Marketing companies increasingly are using Bluetooth to get their messages across in airports, shopping malls and movie theaters. While advertisers view the tactic as a valuable new way to get close to consumers, some say it’s nothing more than high-tech spam.
Marketers have been deploying Bluetooth-based marketing campaigns quietly for months, but the efforts only recently have begun to attract attention. Virgin Atlantic Airways is teaming with Range Rover on an offering that sends a text message to Bluetooth users asking if they’d like to download a video clip of the carmaker’s new SUV. Another campaign, featuring Coldplay, saw 13,000 users access video clips, interviews, audio samples and wireless images from the popular band.
WideRay Corp., a technology company that provides on-site content distribution platforms, powered a similar campaign in three Loews Theatre sites this summer. Users who passed within 35 feet of a kiosk at theaters in Los Angeles, New York or San Francisco were offered downloadable content like movie clips from four Twentieth Century Fox films including “Mr. and Mrs. Smith” and “Kingdom of Heaven.”
Such efforts have drawn criticism from some who decry the use of unsolicited messages to mobile phones. Indeed, the campaigns seem to fly in the face of the Mobile Marketing Association’s best practices guidelines. “Approval from the subscriber must be obtained prior to sending commercial SMS messages and other content,” according to the group’s stipulations.
Laura Marriott, the association’s executive director, said Bluetooth-powered campaigns likely will be examined when the group revises its guidelines later this year. But WideRay, which claims the Loews effort didn’t garner a single complaint, said that moviegoers opt-in to receive the first message by simply enabling the Bluetooth technology on their handsets.
“It’s a double opt-in,” said Alan Cohen, WideRay’s vice president of marketing. “The first way to opt-in is to have your phone on and discoverable; the second way is to say, `Yes, I want the content.”‘
“If someone truly doesn’t want to be bothered,” continued Cohen, “they shouldn’t have their phone on and discoverable.”
WideRay has deployed similar campaigns at video-game retailer EB Games and in movie theaters and wireless retailers in the U.K. The company has seen very few complaints about unwanted come-ons in any of its Bluetooth efforts, Cohen said, because the campaigns are specifically tailored for each environment.
“When you put these in a location like a retailer, the customer is in that mind-frame. They’re accepting of the message because they’ve opted to be there,” said Cohen. “If we were using (Bluetooth) in a movie theater to offer coupons for Payless Shoes, that would probably be a little aggravating to consumers.”
Cohen declined to cite specific numbers from the Loews campaign, but said hundreds of people per week received an initial message as they walked through the theater. Of those, he said “40 to 60 percent” opted to download content of one sort or another-an astonishingly high percentage. The Coldplay effort, for instance, saw only 15 percent of those “pinged” choose to receive more content or information.

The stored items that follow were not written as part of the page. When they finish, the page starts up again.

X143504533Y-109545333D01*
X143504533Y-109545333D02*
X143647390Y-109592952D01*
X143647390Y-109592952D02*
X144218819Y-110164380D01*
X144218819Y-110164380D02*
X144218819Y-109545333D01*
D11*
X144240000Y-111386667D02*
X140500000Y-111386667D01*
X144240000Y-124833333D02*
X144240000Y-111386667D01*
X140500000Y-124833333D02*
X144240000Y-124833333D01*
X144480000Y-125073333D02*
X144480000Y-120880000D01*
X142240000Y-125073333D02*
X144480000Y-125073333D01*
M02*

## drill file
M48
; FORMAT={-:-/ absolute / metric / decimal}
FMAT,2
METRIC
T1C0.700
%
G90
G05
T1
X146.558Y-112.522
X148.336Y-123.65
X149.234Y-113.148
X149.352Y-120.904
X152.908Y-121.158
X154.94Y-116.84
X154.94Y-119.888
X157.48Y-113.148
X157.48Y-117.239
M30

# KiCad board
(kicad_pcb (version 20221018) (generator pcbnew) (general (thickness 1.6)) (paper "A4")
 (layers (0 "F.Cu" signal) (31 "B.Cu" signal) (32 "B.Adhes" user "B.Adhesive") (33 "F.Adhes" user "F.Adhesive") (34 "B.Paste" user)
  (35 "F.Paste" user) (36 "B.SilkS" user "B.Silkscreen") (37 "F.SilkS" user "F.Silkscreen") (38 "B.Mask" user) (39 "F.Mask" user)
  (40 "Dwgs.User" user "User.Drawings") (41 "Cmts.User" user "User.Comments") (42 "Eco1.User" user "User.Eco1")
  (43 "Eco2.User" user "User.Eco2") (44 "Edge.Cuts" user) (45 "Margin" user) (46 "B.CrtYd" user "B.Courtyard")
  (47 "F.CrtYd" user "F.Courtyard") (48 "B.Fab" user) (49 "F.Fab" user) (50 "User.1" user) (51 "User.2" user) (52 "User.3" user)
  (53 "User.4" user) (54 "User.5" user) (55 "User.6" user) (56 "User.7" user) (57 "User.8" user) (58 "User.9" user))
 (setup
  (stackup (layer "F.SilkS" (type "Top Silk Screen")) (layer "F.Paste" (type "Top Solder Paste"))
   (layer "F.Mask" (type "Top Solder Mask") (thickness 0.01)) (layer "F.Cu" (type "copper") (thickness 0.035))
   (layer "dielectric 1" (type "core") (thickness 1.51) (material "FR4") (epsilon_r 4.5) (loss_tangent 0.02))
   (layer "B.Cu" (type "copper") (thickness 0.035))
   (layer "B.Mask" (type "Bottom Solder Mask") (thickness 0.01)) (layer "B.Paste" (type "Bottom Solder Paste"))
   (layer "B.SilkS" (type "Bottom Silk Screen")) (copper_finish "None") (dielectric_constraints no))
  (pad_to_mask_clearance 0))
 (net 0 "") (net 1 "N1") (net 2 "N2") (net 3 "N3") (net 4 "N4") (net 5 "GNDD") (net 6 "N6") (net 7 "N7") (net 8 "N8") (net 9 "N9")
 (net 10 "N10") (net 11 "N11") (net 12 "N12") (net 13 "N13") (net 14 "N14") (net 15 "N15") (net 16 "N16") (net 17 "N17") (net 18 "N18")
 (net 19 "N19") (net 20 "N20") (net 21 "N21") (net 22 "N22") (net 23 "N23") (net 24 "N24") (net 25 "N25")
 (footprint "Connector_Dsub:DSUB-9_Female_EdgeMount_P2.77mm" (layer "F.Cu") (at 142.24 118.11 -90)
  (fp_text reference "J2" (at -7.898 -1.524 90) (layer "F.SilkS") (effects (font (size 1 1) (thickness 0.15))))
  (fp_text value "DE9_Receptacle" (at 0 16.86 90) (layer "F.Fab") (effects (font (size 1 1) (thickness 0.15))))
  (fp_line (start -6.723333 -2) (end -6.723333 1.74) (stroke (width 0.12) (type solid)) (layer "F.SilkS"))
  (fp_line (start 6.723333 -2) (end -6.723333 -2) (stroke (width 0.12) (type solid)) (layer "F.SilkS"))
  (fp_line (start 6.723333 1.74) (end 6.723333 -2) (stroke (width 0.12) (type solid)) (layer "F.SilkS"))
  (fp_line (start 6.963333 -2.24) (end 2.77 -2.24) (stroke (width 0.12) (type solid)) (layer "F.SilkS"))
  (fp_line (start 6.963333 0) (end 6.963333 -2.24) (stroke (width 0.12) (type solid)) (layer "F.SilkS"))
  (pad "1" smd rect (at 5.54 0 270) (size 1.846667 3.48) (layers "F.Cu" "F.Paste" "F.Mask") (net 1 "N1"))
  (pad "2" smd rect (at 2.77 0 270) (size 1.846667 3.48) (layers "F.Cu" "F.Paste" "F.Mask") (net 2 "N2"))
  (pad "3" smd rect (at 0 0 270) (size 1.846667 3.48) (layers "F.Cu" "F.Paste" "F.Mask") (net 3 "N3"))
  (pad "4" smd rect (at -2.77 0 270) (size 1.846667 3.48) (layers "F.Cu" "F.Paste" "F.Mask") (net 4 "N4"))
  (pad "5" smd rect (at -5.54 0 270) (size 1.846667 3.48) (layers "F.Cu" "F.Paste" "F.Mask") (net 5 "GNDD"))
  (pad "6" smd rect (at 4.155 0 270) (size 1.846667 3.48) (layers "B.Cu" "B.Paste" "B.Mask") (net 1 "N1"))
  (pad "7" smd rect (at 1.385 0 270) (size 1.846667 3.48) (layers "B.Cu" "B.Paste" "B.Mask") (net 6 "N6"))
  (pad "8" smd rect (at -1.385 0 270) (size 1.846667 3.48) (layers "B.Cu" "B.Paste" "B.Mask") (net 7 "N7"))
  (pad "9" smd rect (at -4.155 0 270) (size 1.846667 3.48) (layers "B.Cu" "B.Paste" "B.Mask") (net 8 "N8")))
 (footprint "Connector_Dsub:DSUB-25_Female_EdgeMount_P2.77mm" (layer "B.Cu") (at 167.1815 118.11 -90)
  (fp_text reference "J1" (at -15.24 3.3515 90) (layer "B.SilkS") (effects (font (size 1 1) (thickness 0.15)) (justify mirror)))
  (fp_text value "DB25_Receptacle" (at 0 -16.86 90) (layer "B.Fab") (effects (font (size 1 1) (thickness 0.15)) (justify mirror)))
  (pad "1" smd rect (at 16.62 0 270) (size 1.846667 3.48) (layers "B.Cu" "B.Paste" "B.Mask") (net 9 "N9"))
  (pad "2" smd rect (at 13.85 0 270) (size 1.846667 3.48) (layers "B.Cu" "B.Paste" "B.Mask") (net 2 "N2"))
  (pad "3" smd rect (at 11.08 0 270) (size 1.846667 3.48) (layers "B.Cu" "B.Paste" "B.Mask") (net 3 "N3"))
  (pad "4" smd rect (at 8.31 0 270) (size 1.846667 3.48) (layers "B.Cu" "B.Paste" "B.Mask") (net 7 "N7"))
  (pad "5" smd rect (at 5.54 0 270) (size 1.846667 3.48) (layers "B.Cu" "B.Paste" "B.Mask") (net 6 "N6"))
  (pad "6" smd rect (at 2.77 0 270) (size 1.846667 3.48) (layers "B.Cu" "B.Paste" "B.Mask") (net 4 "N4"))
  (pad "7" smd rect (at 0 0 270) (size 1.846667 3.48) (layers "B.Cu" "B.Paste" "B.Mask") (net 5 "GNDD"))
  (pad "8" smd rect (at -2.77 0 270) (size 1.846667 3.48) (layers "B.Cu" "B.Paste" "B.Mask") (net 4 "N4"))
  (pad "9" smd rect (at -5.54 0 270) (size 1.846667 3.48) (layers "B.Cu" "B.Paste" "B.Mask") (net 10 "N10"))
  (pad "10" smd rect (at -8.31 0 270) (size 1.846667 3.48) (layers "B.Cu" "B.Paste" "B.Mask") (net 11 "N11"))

But some say the messages can be aggravating regardless of the type of campaign or content being offered. Because wireless phones are both portable and personal, receiving an unsolicited message on a handset can actually be worse than getting spam on a computer, said Oliver Starr, chief technology officer of telecommunications consultant firm Hello Inc. Many users with Bluetooth-enabled phones aren’t familiar with the technology, he said, and may not even know how to disable the signal.
“The companies that are providing this service are essentially depending on the naivete of a consumer walking around with an open Bluetooth socket,” said Starr, who also maintains a blog on the wireless industry. “To me, a cell phone is becoming a remote control for your life. It’s the most intensely personalized device you own.”
Marketers could use the technology more effectively by announcing promotions at specific times and places where messages and content could be received, said Starr. And while Bluetooth’s relatively wide footprint might be problematic for targeted campaigns, he said, other technologies could be used for a more satisfying experience for all involved. Technologies such as Near Field Communication, which operates within a proximity of just a few inches, could allow a user to place their phones in a kiosk to receive promotional material, eliminating any chance of unwanted messages.
As Bluetooth technology becomes more prevalent, though, the marketing efforts are sure to increase. The technology is shipping on more than 5 million units per week, according to the Bluetooth Special Interest Group, and Strategy Analytics says 14 percent of North American phones will be Bluetooth-enabled by the end of the year.
If WideRay’s claim of a 40- to 60-percent “take rate” during the Loews campaign is sustainable, advertising companies will surely scramble to deploy similar efforts as quickly as possible. But marketers who come on too strong will do so at the risk of losing long-term customers new technologies can help create.
“I hope the companies that are pursuing these new methods of marketing are really responsible and respectful to consumers,” said Starr. “If they are, they could build the best relationships they could imagine.”